Puzzle time - Recovering the Polynomial

jon-nyc

The Oracle at Delphi has in mind a certain polynomial p (in the variable x, say) with non-negative integer coefficients. You may query the Oracle with any integer n, and the Oracle will tell you the value of p(n).

How many queries do you have to make to determine p?

Horace

Well n+1 points define a polynomial of order n, in the same way that two points define a line, but the restriction to non-negative integer coefficients must make a better answer possible. The way the question is worded implies that a constant answer suffices for polynomials of any order. Can a polynomial expression with non-negative integer coefficients be simplified into a form of a(x^n)+b?
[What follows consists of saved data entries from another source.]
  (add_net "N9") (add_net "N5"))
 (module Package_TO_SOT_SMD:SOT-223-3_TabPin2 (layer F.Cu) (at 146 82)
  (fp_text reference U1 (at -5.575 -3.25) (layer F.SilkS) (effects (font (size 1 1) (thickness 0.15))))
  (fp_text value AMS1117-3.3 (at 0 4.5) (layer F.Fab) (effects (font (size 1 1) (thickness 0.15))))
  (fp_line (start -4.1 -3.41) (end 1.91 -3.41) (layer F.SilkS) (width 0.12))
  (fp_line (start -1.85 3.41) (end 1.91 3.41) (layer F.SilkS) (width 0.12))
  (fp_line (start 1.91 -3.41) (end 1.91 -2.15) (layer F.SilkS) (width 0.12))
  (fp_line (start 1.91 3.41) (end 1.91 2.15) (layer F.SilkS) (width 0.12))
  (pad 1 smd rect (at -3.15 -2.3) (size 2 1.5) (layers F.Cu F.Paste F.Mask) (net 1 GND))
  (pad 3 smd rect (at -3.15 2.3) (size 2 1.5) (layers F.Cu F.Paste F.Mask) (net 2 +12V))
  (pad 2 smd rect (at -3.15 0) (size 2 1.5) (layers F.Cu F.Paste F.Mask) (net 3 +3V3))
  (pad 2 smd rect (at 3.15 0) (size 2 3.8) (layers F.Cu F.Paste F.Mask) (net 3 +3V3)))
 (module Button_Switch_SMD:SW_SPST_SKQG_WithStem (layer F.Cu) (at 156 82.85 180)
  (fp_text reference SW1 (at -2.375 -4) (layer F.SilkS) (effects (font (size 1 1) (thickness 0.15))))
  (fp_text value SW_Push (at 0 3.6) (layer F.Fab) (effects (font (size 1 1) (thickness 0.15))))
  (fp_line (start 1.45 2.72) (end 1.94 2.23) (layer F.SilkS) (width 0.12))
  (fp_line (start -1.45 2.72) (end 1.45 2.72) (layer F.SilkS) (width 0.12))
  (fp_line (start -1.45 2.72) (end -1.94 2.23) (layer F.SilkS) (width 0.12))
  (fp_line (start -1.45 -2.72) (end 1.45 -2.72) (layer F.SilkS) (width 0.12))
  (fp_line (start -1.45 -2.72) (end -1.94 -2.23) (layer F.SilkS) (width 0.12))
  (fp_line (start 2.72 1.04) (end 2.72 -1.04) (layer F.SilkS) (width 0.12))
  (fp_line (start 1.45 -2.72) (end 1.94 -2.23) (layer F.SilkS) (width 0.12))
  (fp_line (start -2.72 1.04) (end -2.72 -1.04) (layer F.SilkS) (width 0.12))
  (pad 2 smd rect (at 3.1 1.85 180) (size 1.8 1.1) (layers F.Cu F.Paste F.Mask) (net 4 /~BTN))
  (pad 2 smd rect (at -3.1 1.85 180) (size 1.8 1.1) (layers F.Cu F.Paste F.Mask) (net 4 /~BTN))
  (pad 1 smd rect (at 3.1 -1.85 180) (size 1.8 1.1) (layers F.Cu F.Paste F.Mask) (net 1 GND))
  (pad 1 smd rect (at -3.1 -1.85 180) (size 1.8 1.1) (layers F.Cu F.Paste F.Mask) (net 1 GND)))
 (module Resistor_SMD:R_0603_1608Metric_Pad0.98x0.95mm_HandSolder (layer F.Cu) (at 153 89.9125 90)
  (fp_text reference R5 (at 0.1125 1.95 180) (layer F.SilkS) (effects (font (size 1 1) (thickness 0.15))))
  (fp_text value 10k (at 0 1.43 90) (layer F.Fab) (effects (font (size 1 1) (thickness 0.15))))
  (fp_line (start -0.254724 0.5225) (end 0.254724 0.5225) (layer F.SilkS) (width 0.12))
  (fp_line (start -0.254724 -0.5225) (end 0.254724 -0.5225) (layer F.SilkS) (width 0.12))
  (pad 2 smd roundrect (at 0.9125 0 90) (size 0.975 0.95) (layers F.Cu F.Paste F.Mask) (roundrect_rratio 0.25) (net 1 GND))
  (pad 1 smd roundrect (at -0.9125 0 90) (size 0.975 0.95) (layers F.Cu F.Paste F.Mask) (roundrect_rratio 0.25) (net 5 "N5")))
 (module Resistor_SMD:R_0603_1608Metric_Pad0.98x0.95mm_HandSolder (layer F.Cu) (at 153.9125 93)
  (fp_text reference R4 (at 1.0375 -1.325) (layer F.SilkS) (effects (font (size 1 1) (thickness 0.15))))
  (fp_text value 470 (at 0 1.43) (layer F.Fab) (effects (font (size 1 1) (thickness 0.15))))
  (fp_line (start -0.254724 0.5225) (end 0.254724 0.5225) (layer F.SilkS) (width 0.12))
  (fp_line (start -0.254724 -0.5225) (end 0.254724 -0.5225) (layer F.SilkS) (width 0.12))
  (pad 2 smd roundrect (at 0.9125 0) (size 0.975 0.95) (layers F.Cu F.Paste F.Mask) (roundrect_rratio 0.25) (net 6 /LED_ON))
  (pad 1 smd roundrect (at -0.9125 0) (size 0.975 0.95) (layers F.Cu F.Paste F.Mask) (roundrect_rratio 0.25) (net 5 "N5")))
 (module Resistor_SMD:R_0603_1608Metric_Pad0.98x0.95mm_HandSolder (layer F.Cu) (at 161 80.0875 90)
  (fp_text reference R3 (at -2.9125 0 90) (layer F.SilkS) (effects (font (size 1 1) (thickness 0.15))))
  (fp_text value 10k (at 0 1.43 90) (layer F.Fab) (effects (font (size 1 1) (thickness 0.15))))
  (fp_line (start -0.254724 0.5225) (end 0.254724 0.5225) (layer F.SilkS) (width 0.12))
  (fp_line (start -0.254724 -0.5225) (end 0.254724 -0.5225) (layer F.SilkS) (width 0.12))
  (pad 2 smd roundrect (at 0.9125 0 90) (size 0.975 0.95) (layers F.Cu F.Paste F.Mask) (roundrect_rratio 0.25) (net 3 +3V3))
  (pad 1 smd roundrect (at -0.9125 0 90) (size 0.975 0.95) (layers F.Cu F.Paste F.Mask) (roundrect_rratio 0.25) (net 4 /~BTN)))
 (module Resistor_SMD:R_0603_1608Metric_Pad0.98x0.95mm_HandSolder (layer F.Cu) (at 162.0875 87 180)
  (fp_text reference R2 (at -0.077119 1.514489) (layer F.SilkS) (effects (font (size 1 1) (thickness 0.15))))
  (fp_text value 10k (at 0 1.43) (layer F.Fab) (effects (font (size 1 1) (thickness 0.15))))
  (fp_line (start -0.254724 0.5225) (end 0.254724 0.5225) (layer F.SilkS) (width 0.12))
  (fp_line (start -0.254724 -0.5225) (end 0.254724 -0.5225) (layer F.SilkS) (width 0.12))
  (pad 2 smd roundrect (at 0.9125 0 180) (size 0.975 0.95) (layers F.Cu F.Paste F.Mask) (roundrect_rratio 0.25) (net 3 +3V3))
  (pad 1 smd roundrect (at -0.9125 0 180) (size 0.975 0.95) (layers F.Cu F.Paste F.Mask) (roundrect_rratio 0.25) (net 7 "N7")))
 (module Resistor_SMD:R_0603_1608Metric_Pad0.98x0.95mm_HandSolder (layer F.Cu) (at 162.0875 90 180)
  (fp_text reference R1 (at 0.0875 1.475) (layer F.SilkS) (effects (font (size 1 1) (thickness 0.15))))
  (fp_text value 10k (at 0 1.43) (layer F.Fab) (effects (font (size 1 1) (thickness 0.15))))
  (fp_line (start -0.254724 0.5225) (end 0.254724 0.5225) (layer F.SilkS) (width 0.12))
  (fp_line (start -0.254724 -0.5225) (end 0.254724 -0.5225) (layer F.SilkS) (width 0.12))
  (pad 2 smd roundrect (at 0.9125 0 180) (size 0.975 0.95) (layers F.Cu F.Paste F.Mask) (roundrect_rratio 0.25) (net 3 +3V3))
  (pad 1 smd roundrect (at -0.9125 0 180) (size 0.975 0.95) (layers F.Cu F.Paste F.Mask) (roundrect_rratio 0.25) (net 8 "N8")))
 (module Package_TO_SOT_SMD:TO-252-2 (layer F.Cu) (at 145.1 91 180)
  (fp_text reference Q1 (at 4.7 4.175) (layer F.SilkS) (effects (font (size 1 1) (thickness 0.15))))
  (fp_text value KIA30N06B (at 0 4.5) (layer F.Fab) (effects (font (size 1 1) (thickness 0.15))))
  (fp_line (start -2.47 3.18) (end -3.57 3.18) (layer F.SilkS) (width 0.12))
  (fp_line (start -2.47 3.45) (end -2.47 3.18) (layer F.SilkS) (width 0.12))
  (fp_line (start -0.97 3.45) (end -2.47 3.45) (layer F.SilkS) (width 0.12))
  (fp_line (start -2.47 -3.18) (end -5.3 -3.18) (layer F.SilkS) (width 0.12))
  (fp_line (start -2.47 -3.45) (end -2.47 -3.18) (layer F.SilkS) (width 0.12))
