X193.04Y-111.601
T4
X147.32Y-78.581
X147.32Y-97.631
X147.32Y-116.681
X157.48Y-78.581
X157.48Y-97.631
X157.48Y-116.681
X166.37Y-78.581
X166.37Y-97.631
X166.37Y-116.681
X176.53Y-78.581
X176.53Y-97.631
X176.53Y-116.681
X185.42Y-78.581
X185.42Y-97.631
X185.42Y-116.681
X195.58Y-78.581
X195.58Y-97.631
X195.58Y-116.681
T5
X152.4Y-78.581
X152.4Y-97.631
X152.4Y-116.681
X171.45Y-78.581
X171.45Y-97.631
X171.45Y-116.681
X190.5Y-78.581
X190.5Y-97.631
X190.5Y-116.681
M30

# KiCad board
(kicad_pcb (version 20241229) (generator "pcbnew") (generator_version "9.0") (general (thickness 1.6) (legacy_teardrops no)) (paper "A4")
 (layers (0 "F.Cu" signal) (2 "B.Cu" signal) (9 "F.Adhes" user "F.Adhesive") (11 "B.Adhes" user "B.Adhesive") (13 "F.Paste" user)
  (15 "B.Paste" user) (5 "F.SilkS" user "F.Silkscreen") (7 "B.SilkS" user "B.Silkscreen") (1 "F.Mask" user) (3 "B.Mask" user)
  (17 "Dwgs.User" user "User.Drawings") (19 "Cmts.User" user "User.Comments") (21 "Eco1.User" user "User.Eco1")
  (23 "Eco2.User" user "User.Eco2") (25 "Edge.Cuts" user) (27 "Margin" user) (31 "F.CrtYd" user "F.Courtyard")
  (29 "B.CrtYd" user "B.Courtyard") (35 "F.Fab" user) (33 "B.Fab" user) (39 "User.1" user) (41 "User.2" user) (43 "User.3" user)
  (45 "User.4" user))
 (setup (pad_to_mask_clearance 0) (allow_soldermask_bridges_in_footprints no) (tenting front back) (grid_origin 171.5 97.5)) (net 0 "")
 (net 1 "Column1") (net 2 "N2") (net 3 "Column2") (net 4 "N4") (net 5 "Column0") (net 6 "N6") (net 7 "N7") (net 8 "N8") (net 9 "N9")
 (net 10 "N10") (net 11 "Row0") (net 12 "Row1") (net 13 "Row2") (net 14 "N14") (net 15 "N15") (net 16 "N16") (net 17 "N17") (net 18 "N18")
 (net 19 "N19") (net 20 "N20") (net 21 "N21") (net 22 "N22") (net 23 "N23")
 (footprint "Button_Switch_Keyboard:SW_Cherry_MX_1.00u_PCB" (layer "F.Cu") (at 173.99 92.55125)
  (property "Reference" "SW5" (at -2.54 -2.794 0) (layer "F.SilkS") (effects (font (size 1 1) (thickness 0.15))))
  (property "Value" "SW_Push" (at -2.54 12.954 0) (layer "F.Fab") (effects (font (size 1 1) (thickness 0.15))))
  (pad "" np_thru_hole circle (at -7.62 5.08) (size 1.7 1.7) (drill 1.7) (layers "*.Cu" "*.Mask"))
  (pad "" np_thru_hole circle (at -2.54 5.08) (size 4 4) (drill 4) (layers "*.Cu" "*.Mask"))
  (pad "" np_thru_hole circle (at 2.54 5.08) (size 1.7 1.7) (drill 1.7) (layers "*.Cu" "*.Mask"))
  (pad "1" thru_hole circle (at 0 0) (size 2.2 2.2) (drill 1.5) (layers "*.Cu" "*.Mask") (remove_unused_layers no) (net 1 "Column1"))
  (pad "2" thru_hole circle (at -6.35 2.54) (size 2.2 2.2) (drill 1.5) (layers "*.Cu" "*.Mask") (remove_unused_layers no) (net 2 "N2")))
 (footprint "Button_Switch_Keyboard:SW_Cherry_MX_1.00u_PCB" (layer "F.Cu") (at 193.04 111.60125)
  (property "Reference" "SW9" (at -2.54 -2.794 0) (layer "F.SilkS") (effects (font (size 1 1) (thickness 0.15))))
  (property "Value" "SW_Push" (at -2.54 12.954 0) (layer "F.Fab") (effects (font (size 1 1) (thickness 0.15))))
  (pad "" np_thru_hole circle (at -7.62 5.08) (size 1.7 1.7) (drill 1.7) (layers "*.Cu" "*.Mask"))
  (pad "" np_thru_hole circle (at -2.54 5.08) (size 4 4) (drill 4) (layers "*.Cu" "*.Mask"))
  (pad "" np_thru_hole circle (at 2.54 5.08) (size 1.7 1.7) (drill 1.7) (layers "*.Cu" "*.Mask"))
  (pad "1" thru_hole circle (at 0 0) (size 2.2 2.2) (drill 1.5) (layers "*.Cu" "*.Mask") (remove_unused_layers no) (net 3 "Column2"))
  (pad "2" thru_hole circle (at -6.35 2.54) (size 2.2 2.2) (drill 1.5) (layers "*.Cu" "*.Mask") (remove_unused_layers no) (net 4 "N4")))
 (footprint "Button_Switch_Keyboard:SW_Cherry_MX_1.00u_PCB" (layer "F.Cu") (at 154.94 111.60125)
But the answer is probably not to simplify it a priori, but rather to gather information from the first guess to narrow down which would be the most informative next guess.

Klaus

I'd start with p(1).

If p(1) = m , then all coefficients must be <= m.

That reduces the number of candidates quite a bit.

Klaus

Ah, I think I got it!

click to show

Assume all coefficients were <= 9.

Then a Oracle single invocation would suffice, namely p(10). The digits of the results would be the coefficients because p(10) = d-n 10^n + ... + d-0 10^0 = d-n...d-0.

But we can apply the same trick when we only know an upper bound m on the coefficient; we simply take p(m+1) and interpret the result as a number in base m+1. Again, the digits of the result will be the coefficients.

I already explained above how to get the upper bound with one invocation. In total, it takes just two invocations of the oracle!

Horace

@Klaus said in Puzzle time - Recovering the Polynomial:

Ah, I think I got it!

click to show

Assume all coefficients were <= 9.

Then a Oracle single invocation would suffice, namely p(10). The digits of the results would be the coefficients because p(10) = d-n 10^n + ... + d-0 10^0 = d-n...d-0.

But we can apply the same trick when we only know an upper bound m on the coefficient; we simply take p(m+1) and interpret the result as a number in base m+1. Again, the digits of the result will be the coefficients.

I already explained above how to get the upper bound with one invocation. In total, it takes just two invocations of the oracle!

click to show

Oh, yeah, boils down to a way of thinking in number bases. Nice.

jon-nyc

Very nice Klaus and a very surprising result given it works for any n.

Klaus

I think if I could query the oracle with any number, not just integers, I could do it with just one query.

Just take an arbitrary transcendental number (such as Pi). No two integer-coefficient-polynomials will agree on that number. Enumerate all non-negative-coefficient-polynomials until you get to the one that agrees with the result. (the method is not entirely practical, though, because it depends on comparing numbers that cannot be finitely represented with digits).